(Stored data entries)
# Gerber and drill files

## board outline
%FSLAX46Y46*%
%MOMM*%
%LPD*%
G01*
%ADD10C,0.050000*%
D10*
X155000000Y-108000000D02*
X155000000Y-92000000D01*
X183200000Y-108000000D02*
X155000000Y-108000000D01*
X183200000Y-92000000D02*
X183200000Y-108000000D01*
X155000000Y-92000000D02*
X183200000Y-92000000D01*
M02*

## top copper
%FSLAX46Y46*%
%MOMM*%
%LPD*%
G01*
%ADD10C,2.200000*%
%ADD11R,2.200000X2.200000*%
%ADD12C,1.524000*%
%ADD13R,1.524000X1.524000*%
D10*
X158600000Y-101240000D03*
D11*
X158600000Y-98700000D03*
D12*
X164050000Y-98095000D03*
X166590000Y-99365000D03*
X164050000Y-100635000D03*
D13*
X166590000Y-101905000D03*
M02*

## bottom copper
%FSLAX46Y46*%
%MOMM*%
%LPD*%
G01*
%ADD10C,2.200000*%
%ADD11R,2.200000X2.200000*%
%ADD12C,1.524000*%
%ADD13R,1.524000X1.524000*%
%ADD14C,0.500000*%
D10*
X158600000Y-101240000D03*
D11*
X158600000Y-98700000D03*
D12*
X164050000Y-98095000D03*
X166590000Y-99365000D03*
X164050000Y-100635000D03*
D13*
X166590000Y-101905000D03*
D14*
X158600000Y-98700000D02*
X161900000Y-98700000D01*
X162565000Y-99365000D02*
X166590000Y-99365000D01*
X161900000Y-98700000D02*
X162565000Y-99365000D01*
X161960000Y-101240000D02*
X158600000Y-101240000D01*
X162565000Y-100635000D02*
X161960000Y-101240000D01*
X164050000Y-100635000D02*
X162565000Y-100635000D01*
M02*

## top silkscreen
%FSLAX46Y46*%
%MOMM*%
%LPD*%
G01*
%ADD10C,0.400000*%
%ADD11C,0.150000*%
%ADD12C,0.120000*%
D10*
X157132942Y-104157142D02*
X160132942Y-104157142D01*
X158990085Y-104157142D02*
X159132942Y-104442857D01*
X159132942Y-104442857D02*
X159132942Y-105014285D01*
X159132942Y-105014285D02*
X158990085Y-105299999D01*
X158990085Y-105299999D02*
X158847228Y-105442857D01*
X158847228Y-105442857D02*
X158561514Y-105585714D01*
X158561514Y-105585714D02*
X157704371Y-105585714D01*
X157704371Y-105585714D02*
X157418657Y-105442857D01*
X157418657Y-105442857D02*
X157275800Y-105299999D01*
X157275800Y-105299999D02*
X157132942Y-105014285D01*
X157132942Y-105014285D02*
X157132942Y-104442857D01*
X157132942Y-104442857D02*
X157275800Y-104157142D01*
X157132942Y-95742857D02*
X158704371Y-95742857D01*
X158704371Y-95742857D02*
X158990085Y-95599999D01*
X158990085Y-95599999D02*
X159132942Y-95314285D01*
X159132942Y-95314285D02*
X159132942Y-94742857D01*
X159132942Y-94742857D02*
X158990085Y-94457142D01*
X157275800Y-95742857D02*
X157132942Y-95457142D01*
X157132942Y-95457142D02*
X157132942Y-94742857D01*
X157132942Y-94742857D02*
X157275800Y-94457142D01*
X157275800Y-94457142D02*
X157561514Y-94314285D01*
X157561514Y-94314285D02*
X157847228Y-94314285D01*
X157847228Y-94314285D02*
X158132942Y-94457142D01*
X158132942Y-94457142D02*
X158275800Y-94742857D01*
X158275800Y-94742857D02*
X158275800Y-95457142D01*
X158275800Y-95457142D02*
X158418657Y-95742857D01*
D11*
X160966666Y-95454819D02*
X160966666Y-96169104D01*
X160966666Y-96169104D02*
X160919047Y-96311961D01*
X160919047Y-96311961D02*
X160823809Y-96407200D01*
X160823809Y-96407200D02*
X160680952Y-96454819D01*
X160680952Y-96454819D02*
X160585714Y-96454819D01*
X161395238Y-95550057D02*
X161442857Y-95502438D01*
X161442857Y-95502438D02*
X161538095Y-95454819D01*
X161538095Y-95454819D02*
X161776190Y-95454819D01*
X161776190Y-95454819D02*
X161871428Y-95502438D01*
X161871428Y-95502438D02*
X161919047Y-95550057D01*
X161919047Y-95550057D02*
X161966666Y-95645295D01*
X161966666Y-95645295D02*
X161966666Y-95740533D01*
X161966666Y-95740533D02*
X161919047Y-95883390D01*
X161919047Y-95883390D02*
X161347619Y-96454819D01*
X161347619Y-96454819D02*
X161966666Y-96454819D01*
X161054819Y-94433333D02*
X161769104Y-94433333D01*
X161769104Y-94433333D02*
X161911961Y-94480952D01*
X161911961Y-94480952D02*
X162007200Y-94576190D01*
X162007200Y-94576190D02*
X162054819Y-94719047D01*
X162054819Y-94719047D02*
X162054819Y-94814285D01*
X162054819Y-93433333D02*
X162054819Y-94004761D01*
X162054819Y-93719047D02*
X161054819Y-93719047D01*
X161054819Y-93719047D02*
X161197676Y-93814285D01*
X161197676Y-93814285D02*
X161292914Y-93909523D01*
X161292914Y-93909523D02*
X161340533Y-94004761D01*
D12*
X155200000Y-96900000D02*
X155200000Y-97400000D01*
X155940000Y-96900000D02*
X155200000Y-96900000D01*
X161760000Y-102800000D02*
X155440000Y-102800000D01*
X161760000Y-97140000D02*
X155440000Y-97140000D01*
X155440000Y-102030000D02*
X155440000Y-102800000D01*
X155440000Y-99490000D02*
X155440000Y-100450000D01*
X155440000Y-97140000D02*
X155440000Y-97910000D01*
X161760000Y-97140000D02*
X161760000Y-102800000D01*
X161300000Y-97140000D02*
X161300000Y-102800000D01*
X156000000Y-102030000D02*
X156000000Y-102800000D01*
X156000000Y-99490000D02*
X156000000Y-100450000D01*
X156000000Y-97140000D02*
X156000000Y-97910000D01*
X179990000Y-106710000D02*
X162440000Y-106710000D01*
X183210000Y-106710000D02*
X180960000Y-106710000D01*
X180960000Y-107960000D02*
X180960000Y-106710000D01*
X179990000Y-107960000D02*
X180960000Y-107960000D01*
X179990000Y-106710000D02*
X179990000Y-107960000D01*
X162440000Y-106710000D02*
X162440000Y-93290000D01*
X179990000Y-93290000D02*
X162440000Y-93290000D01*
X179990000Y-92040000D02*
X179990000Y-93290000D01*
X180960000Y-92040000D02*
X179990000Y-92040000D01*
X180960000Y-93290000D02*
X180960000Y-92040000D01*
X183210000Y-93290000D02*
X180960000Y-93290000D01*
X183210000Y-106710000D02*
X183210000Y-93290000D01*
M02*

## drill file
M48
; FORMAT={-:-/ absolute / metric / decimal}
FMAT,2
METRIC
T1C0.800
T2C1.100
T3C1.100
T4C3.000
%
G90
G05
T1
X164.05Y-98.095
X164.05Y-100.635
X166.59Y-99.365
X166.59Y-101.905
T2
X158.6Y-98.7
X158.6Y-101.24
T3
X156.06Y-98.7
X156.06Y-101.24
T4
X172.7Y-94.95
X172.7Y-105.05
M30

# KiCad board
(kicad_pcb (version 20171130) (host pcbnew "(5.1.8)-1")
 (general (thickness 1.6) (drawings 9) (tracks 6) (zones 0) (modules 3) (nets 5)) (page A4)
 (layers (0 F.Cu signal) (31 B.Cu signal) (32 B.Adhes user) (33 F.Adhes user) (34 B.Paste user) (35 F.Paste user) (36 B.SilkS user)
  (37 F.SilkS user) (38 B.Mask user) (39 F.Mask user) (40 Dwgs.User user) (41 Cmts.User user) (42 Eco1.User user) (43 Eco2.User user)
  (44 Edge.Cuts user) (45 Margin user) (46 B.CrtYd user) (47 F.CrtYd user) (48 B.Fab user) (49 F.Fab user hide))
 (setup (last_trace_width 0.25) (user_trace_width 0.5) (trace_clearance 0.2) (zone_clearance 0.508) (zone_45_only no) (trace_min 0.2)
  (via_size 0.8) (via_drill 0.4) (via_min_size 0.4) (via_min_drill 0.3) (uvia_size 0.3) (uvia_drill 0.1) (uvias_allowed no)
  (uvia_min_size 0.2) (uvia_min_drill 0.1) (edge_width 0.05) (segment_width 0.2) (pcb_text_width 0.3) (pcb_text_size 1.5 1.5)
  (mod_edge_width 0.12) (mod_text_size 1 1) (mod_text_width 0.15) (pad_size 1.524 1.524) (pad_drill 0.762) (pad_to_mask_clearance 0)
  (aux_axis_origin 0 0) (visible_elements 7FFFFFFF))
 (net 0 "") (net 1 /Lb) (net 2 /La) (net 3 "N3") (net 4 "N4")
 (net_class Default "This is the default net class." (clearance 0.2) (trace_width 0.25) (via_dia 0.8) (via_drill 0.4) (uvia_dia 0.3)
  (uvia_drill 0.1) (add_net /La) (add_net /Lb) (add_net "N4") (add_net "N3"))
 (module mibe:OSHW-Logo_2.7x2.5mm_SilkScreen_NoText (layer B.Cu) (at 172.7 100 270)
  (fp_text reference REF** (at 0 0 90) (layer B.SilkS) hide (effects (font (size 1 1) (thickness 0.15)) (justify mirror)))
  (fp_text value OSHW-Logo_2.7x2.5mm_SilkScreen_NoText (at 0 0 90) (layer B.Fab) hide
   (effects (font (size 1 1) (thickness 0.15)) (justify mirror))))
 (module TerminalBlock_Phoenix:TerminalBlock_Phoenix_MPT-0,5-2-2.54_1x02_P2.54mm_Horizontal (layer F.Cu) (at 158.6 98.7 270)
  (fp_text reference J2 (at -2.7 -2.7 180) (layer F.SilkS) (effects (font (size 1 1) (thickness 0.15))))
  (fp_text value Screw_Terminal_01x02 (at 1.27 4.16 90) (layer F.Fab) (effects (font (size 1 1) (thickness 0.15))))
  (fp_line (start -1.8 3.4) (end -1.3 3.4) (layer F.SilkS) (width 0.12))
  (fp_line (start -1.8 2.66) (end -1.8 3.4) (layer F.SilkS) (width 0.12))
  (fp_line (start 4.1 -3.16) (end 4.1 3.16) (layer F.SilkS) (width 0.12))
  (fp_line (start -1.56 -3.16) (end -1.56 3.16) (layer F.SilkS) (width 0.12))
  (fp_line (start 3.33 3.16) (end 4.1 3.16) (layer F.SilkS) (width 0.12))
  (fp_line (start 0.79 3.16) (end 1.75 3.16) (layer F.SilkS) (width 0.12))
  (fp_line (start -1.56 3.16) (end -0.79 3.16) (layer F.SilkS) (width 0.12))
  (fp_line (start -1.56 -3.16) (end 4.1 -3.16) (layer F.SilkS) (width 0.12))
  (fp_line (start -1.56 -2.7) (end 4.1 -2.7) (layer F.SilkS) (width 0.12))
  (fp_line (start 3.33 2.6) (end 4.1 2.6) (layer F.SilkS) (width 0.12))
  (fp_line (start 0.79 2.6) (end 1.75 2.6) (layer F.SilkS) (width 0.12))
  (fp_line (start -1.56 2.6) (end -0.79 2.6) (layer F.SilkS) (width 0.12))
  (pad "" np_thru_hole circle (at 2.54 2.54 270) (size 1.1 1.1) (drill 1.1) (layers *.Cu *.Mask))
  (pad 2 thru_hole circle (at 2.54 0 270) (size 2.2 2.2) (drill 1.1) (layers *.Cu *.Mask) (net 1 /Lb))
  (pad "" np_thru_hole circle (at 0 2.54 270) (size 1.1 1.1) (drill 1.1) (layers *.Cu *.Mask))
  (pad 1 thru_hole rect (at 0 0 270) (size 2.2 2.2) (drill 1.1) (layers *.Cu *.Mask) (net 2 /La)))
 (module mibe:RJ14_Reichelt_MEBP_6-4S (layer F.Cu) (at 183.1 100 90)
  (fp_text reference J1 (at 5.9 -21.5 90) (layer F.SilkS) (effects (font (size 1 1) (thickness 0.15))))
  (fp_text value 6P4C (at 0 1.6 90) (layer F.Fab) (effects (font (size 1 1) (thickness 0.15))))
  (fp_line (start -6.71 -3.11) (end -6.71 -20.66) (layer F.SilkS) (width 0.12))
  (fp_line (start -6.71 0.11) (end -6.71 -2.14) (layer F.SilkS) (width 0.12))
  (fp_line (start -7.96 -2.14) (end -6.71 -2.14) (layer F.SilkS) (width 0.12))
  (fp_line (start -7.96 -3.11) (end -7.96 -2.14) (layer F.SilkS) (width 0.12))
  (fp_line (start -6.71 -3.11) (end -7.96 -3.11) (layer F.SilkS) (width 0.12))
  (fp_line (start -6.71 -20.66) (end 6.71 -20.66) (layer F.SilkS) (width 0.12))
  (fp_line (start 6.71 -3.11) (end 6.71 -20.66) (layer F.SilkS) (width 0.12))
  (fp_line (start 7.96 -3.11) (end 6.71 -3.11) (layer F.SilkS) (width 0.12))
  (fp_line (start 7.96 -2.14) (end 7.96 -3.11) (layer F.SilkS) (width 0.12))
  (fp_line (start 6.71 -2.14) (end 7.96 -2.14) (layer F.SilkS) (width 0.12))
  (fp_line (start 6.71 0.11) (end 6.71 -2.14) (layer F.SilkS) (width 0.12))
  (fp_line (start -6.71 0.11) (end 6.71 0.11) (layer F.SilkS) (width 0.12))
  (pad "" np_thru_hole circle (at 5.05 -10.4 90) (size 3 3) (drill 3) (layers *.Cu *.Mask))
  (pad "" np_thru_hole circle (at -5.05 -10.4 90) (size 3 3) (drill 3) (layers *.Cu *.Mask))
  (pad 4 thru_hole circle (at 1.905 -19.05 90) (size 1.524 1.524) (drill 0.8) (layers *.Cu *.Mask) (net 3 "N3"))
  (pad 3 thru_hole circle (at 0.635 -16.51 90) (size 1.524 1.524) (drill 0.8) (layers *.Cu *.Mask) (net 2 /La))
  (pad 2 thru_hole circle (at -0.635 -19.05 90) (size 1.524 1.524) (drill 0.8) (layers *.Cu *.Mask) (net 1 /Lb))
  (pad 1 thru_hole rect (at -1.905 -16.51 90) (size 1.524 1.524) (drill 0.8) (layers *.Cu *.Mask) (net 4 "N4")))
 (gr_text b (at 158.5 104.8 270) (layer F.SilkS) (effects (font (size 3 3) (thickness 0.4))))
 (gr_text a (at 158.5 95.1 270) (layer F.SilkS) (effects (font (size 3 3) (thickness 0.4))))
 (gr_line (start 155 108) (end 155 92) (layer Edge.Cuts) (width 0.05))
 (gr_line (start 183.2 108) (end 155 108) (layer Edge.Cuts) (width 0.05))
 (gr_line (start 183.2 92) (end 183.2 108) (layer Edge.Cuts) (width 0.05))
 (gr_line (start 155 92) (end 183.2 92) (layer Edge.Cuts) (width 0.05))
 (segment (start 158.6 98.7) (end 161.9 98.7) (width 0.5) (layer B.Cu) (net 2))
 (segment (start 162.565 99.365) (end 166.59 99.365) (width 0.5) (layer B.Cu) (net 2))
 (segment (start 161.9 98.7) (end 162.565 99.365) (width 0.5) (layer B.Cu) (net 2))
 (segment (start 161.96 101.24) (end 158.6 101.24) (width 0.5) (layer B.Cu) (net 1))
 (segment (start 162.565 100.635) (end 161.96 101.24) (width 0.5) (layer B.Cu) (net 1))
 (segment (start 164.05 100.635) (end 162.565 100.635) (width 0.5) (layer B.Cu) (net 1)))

#### [DIRECTIONS]
With the first line being the one containing "X180960000Y-93290000D01*" and the last line the one containing "X156.06Y-98.7", transcribe exactly the lines above that fall in that range.

#### [EXPECTED ANSWER]
X180960000Y-93290000D01*
X183210000Y-106710000D02*
X183210000Y-93290000D01*
M02*

## drill file
M48
; FORMAT={-:-/ absolute / metric / decimal}
FMAT,2
METRIC
T1C0.800
T2C1.100
T3C1.100
T4C3.000
%
G90
G05
T1
X164.05Y-98.095
X164.05Y-100.635
X166.59Y-99.365
X166.59Y-101.905
T2
X158.6Y-98.7
X158.6Y-101.24
T3
X156.06Y-98.7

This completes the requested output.